**Materials provided**
+-------+

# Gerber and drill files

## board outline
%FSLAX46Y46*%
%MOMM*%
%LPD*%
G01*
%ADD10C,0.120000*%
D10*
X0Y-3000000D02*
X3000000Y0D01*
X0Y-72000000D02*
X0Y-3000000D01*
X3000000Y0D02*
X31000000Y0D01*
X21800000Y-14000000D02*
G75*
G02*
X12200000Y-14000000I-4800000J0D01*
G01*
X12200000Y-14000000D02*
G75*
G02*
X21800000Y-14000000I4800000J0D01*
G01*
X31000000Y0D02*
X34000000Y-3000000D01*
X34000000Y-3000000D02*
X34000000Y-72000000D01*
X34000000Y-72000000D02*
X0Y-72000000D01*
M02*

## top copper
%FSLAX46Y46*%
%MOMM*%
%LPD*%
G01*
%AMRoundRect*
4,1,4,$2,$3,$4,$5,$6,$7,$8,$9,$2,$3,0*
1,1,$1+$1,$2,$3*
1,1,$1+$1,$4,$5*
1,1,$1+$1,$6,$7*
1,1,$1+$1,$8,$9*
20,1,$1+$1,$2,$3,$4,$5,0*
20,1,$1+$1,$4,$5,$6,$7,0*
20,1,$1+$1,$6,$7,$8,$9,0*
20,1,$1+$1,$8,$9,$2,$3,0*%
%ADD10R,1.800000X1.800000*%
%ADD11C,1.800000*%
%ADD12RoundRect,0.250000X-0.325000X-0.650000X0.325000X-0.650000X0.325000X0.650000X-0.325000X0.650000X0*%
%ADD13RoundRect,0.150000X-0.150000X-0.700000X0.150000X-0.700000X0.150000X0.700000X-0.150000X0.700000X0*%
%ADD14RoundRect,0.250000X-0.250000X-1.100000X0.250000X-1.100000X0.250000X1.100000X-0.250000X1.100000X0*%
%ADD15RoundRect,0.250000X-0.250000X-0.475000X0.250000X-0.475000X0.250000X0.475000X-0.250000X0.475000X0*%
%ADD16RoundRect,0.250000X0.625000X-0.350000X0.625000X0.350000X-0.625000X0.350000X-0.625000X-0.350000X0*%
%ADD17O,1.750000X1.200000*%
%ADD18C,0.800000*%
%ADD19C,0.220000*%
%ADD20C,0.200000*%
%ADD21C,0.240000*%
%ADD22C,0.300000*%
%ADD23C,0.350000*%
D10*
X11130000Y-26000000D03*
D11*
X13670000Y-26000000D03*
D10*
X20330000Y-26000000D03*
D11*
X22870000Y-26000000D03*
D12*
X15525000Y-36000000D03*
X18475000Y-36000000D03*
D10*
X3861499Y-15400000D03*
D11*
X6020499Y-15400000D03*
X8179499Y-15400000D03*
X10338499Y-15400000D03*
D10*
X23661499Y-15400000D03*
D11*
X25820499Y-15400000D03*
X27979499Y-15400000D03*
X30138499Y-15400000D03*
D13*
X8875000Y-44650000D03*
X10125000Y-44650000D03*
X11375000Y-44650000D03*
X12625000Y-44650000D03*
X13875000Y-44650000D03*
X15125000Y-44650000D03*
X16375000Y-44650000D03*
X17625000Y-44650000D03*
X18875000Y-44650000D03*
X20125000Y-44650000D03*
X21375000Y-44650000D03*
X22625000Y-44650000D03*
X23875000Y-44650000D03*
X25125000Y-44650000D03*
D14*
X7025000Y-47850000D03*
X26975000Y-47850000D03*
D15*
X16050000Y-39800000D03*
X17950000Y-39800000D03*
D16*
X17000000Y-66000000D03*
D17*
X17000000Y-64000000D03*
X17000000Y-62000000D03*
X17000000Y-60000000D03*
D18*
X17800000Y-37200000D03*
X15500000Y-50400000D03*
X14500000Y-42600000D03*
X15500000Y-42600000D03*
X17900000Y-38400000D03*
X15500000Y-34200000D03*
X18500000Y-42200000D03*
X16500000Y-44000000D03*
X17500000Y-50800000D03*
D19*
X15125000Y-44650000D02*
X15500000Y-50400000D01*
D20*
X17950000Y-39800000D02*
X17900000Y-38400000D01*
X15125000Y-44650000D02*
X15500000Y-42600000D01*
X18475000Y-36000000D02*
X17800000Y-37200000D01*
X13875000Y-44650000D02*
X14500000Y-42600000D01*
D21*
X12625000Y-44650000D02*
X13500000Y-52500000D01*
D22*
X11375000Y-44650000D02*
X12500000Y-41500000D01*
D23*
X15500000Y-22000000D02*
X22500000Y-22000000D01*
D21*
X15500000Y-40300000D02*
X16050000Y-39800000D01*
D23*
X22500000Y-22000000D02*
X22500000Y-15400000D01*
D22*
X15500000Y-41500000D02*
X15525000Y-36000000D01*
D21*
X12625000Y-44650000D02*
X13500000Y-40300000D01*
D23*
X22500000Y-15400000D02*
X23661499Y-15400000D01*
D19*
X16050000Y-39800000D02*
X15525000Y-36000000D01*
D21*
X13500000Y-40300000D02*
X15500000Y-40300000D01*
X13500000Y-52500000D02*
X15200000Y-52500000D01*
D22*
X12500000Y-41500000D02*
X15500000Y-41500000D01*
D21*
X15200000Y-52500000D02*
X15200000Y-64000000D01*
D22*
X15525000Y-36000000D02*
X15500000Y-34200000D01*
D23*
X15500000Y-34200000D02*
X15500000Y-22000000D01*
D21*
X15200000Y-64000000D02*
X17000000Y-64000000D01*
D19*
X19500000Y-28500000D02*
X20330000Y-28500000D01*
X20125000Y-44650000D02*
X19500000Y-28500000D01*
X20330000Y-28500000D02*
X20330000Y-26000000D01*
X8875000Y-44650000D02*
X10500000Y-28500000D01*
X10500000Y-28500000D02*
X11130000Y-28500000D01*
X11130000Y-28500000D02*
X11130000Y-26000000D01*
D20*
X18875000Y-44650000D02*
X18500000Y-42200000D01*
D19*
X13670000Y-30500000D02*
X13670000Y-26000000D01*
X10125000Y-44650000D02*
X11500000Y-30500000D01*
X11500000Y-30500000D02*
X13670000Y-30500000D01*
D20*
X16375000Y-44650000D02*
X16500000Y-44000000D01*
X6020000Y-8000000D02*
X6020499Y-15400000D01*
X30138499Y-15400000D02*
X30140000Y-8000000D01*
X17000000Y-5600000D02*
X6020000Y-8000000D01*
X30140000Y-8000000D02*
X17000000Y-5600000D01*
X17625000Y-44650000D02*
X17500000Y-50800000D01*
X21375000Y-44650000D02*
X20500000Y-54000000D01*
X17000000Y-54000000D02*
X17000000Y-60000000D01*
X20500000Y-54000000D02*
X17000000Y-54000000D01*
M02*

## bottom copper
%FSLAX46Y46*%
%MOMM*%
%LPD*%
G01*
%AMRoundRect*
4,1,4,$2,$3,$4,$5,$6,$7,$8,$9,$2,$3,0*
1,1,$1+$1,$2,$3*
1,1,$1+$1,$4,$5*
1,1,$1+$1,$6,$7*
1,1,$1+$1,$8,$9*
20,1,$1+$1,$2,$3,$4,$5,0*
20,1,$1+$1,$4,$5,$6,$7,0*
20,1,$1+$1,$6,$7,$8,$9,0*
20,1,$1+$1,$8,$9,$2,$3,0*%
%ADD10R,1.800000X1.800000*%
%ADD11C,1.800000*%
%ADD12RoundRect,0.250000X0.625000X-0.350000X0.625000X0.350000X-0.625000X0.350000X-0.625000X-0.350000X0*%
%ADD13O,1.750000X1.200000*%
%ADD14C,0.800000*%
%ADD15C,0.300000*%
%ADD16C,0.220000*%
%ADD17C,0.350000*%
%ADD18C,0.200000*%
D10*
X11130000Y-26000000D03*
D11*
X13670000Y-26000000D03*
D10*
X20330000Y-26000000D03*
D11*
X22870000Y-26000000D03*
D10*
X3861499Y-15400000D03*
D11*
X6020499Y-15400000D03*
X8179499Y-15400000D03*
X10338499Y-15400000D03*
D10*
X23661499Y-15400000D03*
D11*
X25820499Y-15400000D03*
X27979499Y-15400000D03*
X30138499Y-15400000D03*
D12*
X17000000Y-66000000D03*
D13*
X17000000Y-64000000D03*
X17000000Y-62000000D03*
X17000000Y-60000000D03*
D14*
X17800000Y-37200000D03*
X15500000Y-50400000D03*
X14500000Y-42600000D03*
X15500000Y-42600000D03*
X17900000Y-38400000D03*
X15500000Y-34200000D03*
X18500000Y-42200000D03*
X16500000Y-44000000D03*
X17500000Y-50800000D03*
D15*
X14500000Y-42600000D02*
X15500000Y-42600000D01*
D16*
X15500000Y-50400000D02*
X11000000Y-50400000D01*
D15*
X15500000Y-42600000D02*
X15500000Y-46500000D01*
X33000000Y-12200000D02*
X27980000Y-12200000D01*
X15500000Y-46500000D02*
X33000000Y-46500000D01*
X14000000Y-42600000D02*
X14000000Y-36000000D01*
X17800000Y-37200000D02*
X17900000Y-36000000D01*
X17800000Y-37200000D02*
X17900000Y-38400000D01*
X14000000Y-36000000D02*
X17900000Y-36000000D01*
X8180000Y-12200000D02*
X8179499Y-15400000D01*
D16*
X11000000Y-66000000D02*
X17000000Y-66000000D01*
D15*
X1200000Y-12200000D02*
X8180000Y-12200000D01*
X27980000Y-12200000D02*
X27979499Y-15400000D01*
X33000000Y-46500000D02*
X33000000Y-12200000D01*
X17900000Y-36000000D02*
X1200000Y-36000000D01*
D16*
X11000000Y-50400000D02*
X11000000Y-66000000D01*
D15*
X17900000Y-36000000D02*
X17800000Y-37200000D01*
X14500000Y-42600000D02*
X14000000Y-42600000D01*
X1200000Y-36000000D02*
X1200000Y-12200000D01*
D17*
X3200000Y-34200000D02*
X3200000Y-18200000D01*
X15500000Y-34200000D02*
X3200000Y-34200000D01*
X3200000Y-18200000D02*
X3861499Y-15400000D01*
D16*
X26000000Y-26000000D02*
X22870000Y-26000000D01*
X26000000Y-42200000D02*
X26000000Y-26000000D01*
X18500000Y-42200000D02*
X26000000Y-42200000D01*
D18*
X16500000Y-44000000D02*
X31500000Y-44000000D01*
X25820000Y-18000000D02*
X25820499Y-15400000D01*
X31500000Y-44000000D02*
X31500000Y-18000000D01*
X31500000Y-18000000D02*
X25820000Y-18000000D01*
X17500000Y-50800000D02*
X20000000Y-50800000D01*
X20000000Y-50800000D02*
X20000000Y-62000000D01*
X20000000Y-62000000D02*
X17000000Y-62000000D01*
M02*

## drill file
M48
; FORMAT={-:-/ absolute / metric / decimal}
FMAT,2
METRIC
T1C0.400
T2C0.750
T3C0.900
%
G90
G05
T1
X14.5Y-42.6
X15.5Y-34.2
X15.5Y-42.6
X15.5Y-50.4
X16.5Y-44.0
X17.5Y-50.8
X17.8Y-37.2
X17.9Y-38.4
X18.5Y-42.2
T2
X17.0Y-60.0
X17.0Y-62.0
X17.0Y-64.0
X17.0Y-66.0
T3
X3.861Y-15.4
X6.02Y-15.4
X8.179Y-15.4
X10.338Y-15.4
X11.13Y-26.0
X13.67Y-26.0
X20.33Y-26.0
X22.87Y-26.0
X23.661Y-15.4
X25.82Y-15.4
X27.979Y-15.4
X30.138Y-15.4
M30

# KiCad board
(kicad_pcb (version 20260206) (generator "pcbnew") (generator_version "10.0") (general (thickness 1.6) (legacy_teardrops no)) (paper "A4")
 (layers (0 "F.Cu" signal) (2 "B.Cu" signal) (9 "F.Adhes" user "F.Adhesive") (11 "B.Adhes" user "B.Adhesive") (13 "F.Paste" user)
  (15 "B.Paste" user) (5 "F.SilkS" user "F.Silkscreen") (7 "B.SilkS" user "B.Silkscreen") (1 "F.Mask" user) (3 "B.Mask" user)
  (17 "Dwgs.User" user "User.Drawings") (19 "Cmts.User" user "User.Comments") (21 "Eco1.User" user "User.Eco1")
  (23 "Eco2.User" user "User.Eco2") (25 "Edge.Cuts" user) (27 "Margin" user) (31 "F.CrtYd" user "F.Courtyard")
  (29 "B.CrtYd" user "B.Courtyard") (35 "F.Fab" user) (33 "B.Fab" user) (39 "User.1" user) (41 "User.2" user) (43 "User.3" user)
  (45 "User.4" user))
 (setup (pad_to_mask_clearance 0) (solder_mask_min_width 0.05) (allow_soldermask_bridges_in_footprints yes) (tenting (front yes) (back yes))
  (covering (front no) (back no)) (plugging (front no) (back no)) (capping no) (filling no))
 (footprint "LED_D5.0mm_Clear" (layer "F.Cu") (at 11.13 26)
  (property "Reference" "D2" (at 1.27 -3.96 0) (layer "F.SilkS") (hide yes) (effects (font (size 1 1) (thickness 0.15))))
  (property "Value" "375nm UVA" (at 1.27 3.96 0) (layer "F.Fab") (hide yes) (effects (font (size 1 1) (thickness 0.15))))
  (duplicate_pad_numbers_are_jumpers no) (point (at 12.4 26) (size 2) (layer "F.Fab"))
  (pad "1" thru_hole rect (at 0 0) (size 1.8 1.8) (drill 0.9) (layers "*.Cu" "*.Mask") (remove_unused_layers no) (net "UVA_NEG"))
  (pad "2" thru_hole circle (at 2.54 0) (size 1.8 1.8) (drill 0.9) (layers "*.Cu" "*.Mask") (remove_unused_layers no) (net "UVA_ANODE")))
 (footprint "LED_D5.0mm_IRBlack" (layer "F.Cu") (at 20.33 26)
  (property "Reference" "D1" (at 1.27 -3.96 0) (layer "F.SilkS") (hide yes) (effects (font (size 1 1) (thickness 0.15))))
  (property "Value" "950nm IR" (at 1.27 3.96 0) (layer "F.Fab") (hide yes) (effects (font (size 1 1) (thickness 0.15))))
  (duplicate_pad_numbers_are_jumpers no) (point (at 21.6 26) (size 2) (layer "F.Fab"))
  (pad "1" thru_hole rect (at 0 0) (size 1.8 1.8) (drill 0.9) (layers "*.Cu" "*.Mask") (remove_unused_layers no) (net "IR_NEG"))
  (pad "2" thru_hole circle (at 2.54 0) (size 1.8 1.8) (drill 0.9) (layers "*.Cu" "*.Mask") (remove_unused_layers no) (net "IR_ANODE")))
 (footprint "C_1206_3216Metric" (layer "F.Cu") (at 17 36)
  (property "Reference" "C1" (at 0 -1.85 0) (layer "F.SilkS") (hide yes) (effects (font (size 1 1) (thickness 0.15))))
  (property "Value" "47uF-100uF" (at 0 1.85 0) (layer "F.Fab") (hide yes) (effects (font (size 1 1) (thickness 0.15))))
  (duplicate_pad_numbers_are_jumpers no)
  (pad "1" smd roundrect (at -1.475 0) (size 1.15 1.8) (layers "F.Cu" "F.Mask" "F.Paste") (roundrect_rratio 0.217391) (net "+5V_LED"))
  (pad "2" smd roundrect (at 1.475 0) (size 1.15 1.8) (layers "F.Cu" "F.Mask" "F.Paste") (roundrect_rratio 0.217391) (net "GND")))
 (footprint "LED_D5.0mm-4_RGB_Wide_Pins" (layer "F.Cu") (at 3.861499 15.4)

+-------+

**Task item**
The answer must consist of every line above that holds the string "Value", copied exactly.

**Solution below**
  (property "Value" "375nm UVA" (at 1.27 3.96 0) (layer "F.Fab") (hide yes) (effects (font (size 1 1) (thickness 0.15))))
  (property "Value" "950nm IR" (at 1.27 3.96 0) (layer "F.Fab") (hide yes) (effects (font (size 1 1) (thickness 0.15))))
  (property "Value" "47uF-100uF" (at 0 1.85 0) (layer "F.Fab") (hide yes) (effects (font (size 1 1) (thickness 0.15))))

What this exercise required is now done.